Chapman appealed the Division’s Tentative Findings and
requested a fact-finding hearing.
In response, the Labor
Cabinet held an administrative hearing under KRS Chapter 13B
before an administrative law judge (ALJ) on October 23, 2000.
Although Chapman had had counsel at various times during the
investigative process, he chose not to have counsel at the
administrative hearing.
The ALJ issued Recommended Findings of Fact,
Conclusions of Law and Recommended Order on January 17, 2001, to
which no exceptions were filed.
The ALJ recommended that the
tentative findings of the Division be affirmed and that Chapman
be ordered to make restitution of $19,238.79 to Farris for
unpaid wages and pay a $200 penalty to the Labor Cabinet.

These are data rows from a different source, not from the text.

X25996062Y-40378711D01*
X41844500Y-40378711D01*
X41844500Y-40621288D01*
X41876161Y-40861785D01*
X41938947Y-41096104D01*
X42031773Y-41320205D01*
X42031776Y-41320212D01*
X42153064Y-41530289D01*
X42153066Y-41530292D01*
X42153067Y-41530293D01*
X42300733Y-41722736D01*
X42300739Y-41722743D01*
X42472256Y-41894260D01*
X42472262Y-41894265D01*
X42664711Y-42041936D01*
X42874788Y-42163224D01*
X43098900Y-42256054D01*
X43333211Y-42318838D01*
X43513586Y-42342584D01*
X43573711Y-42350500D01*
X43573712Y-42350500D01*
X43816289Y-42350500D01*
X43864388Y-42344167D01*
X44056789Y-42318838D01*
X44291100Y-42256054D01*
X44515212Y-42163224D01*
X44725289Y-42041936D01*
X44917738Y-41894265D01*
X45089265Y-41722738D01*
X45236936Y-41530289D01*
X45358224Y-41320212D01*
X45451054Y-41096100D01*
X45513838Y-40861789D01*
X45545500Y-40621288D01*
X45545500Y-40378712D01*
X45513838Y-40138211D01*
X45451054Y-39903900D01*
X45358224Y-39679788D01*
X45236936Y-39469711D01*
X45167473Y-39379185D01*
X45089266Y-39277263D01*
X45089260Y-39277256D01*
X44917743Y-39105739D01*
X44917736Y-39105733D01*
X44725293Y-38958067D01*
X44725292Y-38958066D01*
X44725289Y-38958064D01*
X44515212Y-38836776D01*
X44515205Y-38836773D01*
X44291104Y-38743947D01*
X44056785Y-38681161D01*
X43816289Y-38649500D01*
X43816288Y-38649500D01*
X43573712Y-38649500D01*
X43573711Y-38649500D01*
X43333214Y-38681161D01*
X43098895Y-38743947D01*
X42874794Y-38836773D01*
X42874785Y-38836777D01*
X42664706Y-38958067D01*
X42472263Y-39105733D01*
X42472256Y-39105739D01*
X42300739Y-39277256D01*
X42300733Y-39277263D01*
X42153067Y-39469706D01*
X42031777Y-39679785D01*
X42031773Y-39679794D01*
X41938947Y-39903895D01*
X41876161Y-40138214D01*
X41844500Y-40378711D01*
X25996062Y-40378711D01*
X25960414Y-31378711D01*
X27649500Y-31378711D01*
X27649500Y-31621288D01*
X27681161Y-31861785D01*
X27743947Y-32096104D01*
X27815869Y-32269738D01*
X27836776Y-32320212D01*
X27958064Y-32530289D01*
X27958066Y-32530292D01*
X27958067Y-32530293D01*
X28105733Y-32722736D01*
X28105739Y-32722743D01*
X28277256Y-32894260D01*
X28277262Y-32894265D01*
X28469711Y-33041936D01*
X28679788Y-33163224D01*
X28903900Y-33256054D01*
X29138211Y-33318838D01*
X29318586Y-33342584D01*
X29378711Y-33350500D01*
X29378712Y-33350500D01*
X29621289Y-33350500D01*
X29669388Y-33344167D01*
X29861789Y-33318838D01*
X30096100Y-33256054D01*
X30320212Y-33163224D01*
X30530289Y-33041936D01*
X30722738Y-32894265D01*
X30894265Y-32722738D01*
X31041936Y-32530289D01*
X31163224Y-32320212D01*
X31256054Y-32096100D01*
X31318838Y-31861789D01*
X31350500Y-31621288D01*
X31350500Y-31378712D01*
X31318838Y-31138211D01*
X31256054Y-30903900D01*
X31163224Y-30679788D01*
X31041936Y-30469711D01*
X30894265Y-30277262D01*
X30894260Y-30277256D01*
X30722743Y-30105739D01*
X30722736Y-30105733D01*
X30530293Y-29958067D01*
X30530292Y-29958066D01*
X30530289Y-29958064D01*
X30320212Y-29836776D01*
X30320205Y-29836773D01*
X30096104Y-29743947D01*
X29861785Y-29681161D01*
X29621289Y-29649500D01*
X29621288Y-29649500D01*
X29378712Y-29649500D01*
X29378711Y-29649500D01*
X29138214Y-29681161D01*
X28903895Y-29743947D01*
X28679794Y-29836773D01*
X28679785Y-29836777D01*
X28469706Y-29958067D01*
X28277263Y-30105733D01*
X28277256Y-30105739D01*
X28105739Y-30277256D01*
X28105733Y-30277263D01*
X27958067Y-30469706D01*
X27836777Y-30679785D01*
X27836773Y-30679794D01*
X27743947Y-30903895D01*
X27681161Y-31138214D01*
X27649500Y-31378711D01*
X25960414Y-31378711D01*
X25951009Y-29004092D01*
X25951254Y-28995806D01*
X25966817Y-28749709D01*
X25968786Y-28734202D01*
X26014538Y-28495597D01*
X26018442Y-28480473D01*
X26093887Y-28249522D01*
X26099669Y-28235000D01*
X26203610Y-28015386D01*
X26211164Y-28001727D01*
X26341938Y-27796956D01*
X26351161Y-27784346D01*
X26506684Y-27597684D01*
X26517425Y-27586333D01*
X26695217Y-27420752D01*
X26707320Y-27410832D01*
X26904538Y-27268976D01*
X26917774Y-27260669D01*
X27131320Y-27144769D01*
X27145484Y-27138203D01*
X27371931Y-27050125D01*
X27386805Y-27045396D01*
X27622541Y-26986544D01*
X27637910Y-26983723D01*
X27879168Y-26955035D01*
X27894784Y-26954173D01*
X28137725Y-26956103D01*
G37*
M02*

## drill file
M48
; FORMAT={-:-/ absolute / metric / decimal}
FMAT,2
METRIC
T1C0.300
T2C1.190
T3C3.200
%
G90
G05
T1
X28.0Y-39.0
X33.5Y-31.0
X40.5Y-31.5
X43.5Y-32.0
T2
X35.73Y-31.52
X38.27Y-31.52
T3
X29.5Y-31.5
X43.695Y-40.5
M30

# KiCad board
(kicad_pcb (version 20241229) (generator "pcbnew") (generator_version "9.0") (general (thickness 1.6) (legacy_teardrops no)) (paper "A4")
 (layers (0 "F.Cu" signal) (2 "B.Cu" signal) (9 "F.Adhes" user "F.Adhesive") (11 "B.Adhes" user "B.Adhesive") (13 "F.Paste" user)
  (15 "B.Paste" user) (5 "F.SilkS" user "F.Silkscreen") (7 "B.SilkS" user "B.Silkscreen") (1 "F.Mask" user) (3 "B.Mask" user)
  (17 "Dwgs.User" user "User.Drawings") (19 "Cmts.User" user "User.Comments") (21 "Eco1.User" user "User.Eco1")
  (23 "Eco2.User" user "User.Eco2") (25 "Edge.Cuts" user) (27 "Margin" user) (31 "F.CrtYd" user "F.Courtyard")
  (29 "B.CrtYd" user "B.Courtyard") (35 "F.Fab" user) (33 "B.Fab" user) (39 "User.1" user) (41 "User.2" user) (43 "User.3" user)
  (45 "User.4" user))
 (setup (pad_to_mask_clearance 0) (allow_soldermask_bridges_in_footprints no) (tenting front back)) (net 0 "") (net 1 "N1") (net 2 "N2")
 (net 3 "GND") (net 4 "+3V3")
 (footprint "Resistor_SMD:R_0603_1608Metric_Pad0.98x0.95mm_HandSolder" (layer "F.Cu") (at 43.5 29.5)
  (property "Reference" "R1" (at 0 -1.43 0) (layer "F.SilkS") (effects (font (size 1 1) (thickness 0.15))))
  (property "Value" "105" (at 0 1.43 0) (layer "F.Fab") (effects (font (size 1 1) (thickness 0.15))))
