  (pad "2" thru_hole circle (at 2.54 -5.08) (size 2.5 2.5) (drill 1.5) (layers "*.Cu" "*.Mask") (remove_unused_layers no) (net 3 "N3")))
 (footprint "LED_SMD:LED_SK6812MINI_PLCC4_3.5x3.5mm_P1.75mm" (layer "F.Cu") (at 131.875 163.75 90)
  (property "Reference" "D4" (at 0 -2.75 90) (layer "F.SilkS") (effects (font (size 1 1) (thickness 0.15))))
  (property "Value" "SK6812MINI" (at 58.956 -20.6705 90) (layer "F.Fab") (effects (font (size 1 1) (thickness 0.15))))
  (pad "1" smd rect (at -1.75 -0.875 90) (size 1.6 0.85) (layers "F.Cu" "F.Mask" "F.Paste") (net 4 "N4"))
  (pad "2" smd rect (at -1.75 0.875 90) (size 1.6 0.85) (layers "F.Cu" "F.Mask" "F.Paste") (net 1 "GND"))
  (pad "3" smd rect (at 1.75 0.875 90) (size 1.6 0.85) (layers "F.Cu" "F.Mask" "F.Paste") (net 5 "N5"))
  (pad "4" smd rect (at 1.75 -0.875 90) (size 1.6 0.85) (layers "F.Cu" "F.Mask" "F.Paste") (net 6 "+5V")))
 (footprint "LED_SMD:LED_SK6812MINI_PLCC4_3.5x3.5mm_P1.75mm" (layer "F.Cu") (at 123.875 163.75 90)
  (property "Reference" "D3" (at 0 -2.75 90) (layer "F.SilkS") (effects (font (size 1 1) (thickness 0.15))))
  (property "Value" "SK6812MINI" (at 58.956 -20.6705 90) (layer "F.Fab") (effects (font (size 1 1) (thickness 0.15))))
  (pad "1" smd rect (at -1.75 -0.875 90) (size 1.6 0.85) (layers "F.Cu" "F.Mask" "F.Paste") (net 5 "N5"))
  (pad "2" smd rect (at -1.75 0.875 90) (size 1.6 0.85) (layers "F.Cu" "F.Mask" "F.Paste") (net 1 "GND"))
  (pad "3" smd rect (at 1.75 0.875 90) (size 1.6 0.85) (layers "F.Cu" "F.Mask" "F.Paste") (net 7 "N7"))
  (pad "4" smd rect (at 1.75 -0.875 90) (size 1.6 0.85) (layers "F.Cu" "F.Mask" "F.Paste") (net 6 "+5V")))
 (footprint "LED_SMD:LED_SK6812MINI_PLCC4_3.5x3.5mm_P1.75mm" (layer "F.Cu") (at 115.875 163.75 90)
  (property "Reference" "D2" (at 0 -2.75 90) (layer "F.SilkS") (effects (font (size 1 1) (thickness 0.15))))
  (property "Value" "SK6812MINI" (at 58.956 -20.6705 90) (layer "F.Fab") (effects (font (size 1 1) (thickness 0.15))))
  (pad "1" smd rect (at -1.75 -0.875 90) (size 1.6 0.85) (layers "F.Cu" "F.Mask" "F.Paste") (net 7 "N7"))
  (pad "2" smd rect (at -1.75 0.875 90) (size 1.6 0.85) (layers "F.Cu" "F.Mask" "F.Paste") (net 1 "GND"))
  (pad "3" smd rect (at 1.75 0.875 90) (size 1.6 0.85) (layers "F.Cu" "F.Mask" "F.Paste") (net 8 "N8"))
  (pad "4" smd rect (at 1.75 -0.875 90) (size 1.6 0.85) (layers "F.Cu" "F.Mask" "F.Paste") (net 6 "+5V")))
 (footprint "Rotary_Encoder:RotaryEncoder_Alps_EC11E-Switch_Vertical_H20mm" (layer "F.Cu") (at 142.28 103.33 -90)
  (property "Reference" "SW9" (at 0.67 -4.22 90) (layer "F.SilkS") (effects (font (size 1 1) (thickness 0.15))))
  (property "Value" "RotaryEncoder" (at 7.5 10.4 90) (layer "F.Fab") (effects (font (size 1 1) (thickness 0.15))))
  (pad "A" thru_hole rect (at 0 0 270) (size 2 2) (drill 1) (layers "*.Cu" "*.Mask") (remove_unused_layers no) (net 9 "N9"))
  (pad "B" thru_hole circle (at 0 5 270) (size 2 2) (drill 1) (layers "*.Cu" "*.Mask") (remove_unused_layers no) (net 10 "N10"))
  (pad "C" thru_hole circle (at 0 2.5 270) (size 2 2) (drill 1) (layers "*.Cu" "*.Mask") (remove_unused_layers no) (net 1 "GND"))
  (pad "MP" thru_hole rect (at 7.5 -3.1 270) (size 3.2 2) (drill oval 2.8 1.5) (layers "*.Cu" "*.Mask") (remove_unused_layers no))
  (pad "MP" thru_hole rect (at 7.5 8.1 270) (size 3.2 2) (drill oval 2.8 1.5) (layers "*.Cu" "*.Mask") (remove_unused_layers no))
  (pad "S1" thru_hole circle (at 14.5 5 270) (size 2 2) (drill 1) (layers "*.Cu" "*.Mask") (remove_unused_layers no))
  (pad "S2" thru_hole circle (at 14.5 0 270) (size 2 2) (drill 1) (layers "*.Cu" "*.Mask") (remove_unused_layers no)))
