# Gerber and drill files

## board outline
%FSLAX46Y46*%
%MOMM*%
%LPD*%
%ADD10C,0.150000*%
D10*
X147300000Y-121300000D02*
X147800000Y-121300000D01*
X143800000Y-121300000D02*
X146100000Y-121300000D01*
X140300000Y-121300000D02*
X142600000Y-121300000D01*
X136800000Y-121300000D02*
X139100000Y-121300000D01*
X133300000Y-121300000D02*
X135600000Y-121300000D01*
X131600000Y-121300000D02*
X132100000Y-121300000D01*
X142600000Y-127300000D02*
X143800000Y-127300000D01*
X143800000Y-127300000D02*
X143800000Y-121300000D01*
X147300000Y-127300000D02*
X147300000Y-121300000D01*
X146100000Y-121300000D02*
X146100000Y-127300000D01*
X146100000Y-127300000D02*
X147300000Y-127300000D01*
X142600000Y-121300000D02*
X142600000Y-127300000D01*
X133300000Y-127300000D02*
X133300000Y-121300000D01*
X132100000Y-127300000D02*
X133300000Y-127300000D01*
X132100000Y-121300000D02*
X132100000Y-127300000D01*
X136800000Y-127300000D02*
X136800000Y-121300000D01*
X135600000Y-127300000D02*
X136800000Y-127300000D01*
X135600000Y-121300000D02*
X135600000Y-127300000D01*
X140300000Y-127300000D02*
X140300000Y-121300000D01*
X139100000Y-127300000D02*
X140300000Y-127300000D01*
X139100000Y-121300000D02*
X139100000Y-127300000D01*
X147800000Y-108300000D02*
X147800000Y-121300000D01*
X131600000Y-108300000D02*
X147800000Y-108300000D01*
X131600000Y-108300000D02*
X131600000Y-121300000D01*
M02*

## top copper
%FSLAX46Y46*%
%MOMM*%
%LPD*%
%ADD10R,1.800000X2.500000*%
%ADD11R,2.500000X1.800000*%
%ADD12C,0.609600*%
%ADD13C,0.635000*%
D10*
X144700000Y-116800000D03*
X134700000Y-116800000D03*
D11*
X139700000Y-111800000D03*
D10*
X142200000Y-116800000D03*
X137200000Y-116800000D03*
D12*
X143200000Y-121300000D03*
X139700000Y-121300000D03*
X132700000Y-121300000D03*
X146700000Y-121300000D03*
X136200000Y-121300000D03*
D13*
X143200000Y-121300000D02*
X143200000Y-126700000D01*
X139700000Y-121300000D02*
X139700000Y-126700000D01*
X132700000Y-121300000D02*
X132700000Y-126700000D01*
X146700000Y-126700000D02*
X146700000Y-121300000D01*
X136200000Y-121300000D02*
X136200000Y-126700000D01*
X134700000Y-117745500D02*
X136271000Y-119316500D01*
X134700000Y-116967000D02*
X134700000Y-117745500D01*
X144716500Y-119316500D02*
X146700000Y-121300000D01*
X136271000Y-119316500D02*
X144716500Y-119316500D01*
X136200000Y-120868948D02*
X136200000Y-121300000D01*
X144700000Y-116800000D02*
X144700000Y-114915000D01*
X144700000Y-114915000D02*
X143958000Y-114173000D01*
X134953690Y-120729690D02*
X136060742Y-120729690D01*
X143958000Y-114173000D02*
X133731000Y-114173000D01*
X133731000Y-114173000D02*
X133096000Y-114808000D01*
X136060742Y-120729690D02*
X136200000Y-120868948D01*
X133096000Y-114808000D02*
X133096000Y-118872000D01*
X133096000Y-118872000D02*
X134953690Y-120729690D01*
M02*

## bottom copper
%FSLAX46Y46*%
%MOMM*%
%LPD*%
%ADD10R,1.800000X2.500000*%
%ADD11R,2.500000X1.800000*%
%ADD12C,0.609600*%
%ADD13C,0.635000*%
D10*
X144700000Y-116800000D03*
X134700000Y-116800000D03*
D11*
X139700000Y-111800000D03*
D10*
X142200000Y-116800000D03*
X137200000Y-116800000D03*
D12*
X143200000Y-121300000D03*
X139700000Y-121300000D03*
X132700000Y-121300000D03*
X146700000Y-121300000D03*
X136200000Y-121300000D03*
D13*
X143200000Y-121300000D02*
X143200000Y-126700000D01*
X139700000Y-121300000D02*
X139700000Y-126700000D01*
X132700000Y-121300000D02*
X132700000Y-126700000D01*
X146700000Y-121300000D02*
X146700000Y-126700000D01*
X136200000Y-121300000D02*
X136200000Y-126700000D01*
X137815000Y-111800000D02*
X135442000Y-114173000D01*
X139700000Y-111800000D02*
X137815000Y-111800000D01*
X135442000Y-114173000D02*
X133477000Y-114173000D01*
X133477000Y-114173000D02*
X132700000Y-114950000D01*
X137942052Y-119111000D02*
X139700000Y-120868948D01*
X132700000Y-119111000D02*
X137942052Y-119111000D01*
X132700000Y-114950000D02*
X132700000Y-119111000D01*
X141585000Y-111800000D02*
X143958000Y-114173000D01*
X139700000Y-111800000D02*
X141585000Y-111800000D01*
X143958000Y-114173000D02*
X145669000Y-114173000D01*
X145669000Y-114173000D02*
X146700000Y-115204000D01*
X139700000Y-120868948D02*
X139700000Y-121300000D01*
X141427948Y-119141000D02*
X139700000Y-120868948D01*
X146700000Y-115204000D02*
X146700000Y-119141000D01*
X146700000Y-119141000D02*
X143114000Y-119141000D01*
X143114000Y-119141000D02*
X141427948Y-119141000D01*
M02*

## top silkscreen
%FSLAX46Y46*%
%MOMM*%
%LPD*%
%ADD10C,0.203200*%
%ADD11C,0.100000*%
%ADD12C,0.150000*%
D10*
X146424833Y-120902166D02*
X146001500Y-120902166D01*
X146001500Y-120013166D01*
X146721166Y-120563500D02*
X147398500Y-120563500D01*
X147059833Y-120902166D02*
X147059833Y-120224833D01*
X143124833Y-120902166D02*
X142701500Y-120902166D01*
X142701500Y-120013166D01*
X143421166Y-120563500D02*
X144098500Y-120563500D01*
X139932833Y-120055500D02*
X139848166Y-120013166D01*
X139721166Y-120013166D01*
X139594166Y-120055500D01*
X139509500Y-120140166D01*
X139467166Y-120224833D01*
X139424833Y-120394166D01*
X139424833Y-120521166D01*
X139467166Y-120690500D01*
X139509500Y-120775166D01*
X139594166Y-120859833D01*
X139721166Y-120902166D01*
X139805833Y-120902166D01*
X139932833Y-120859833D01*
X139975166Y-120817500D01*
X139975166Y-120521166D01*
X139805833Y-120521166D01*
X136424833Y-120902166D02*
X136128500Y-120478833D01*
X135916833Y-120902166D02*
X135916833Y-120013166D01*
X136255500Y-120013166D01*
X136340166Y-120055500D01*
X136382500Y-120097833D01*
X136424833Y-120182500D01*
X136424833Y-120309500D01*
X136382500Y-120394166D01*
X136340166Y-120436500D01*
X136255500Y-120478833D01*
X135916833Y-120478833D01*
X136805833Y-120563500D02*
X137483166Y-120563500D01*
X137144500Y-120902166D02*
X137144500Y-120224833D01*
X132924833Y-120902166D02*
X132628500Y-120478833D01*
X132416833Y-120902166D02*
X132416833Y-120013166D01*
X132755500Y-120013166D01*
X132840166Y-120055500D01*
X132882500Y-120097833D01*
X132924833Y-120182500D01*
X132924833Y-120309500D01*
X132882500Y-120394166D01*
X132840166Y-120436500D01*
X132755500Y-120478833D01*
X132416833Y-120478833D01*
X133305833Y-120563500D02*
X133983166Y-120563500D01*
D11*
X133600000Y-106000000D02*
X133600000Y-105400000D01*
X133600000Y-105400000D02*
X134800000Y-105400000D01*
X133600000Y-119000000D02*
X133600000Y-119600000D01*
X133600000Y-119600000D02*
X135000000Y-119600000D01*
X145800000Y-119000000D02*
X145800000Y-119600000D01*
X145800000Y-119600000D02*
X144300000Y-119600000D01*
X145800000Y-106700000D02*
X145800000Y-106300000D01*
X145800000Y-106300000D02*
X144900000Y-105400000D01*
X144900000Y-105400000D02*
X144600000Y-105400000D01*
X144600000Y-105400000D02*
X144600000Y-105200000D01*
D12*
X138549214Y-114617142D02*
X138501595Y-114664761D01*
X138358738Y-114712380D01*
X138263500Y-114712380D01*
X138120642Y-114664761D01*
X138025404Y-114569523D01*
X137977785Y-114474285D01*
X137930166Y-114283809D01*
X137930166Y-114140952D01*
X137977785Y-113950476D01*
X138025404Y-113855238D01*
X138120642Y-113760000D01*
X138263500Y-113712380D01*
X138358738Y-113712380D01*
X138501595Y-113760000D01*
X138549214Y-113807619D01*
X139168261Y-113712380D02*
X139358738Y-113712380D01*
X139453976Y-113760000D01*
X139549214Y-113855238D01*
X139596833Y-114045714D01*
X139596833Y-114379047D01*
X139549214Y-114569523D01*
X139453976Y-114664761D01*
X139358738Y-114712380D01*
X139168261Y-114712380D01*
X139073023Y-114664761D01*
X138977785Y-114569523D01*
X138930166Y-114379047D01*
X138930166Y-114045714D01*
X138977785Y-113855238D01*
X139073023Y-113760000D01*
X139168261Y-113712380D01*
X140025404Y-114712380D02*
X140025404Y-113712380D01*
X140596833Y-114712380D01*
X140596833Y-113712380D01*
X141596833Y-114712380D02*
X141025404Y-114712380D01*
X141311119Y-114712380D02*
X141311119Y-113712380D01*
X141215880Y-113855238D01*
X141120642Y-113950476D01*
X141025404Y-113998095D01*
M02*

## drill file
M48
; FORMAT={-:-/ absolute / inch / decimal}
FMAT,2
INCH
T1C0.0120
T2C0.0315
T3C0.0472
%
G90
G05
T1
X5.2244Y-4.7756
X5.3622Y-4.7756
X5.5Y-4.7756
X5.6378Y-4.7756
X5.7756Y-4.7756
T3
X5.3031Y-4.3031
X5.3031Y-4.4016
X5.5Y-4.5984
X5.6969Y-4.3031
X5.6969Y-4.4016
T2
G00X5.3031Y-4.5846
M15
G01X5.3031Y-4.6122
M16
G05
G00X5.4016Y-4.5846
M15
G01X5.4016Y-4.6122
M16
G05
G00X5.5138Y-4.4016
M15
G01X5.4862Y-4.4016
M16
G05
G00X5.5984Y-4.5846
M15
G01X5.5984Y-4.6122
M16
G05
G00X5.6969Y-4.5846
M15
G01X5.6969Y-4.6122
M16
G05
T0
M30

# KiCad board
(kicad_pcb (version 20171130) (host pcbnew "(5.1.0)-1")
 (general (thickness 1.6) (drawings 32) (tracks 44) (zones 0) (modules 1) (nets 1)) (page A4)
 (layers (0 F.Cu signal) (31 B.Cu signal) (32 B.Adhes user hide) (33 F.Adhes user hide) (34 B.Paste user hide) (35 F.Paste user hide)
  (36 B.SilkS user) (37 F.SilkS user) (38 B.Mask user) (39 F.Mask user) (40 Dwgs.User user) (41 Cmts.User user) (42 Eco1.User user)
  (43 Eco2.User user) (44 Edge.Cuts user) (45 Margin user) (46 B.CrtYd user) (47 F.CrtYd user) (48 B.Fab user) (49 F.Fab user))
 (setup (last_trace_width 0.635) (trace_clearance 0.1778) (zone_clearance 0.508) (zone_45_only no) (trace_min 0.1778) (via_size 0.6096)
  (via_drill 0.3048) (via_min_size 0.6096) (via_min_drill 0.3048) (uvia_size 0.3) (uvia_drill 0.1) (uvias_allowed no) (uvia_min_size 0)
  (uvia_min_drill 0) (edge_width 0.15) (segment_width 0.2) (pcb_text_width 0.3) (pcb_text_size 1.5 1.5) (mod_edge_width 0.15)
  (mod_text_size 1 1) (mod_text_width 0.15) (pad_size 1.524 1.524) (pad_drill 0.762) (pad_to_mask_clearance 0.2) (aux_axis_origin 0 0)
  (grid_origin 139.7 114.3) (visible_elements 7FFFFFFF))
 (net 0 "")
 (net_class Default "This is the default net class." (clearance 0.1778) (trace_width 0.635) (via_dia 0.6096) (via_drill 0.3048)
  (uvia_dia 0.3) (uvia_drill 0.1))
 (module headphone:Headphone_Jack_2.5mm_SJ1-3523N (layer F.Cu) (at 139.7 116.8 270)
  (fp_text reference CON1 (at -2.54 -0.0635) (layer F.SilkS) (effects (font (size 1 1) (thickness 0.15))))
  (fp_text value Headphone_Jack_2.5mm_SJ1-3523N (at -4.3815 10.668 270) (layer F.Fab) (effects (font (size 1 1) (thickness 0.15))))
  (fp_line (start -10.8 6.1) (end -11.4 6.1) (layer F.SilkS) (width 0.1))
  (fp_line (start -11.4 6.1) (end -11.4 4.9) (layer F.SilkS) (width 0.1))
  (fp_line (start 2.2 6.1) (end 2.8 6.1) (layer F.SilkS) (width 0.1))
  (fp_line (start 2.8 6.1) (end 2.8 4.7) (layer F.SilkS) (width 0.1))
  (fp_line (start 2.2 -6.1) (end 2.8 -6.1) (layer F.SilkS) (width 0.1))
  (fp_line (start 2.8 -6.1) (end 2.8 -4.6) (layer F.SilkS) (width 0.1))
  (fp_line (start -10.1 -6.1) (end -10.5 -6.1) (layer F.SilkS) (width 0.1))
  (fp_line (start -10.5 -6.1) (end -11.4 -5.2) (layer F.SilkS) (width 0.1))
  (fp_line (start -11.4 -5.2) (end -11.4 -4.9) (layer F.SilkS) (width 0.1))
  (fp_line (start -11.4 -4.9) (end -11.6 -4.9) (layer F.SilkS) (width 0.1))
  (pad 3 thru_hole rect (at 0 -5 270) (size 2.5 1.8) (drill oval 1.5 0.8) (layers *.Cu *.Mask))
  (pad 2 thru_hole rect (at 0 5 270) (size 2.5 1.8) (drill oval 1.5 0.8) (layers *.Cu *.Mask))
  (pad 1 thru_hole rect (at -5 0 270) (size 1.8 2.5) (drill oval 0.8 1.5) (layers *.Cu *.Mask))
  (pad "" np_thru_hole circle (at 0 0 270) (size 1.2 1.2) (drill 1.2) (layers *.Cu *.Mask))
  (pad "" np_thru_hole circle (at -5 -5 270) (size 1.2 1.2) (drill 1.2) (layers *.Cu *.Mask))
  (pad "" np_thru_hole circle (at -7.5 -5 270) (size 1.2 1.2) (drill 1.2) (layers *.Cu *.Mask))
  (pad "" np_thru_hole circle (at -5 5 270) (size 1.2 1.2) (drill 1.2) (layers *.Cu *.Mask))
  (pad "" np_thru_hole circle (at -7.5 5 270) (size 1.2 1.2) (drill 1.2) (layers *.Cu *.Mask))
  (pad 11 thru_hole rect (at 0 -2.5 270) (size 2.5 1.8) (drill oval 1.5 0.8) (layers *.Cu *.Mask))
  (pad 10 thru_hole rect (at 0 2.5 270) (size 2.5 1.8) (drill oval 1.5 0.8) (layers *.Cu *.Mask)))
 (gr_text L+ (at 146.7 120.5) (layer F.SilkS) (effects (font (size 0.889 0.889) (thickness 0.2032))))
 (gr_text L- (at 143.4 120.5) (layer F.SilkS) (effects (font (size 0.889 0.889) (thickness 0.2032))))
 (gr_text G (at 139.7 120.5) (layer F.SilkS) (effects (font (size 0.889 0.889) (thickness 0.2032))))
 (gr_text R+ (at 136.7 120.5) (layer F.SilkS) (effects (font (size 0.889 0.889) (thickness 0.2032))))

On April 6, 2001, the Secretary of Labor adopted the
ALJ’s Recommended Findings of Fact, Conclusions of Law and Order
dated January 17, 2001, as the Final Order of the Labor Cabinet.
In the Final Order, the Secretary of Labor informed Chapman of
his right to appeal.
Chapman did not appeal the Labor Cabinet’s
Final Order, nor did he pay Farris the ordered restitution of
$19,238.79.
On July 3, 2001, Farris filed the action underlying
this appeal to enforce the Labor Cabinet’s Final Order.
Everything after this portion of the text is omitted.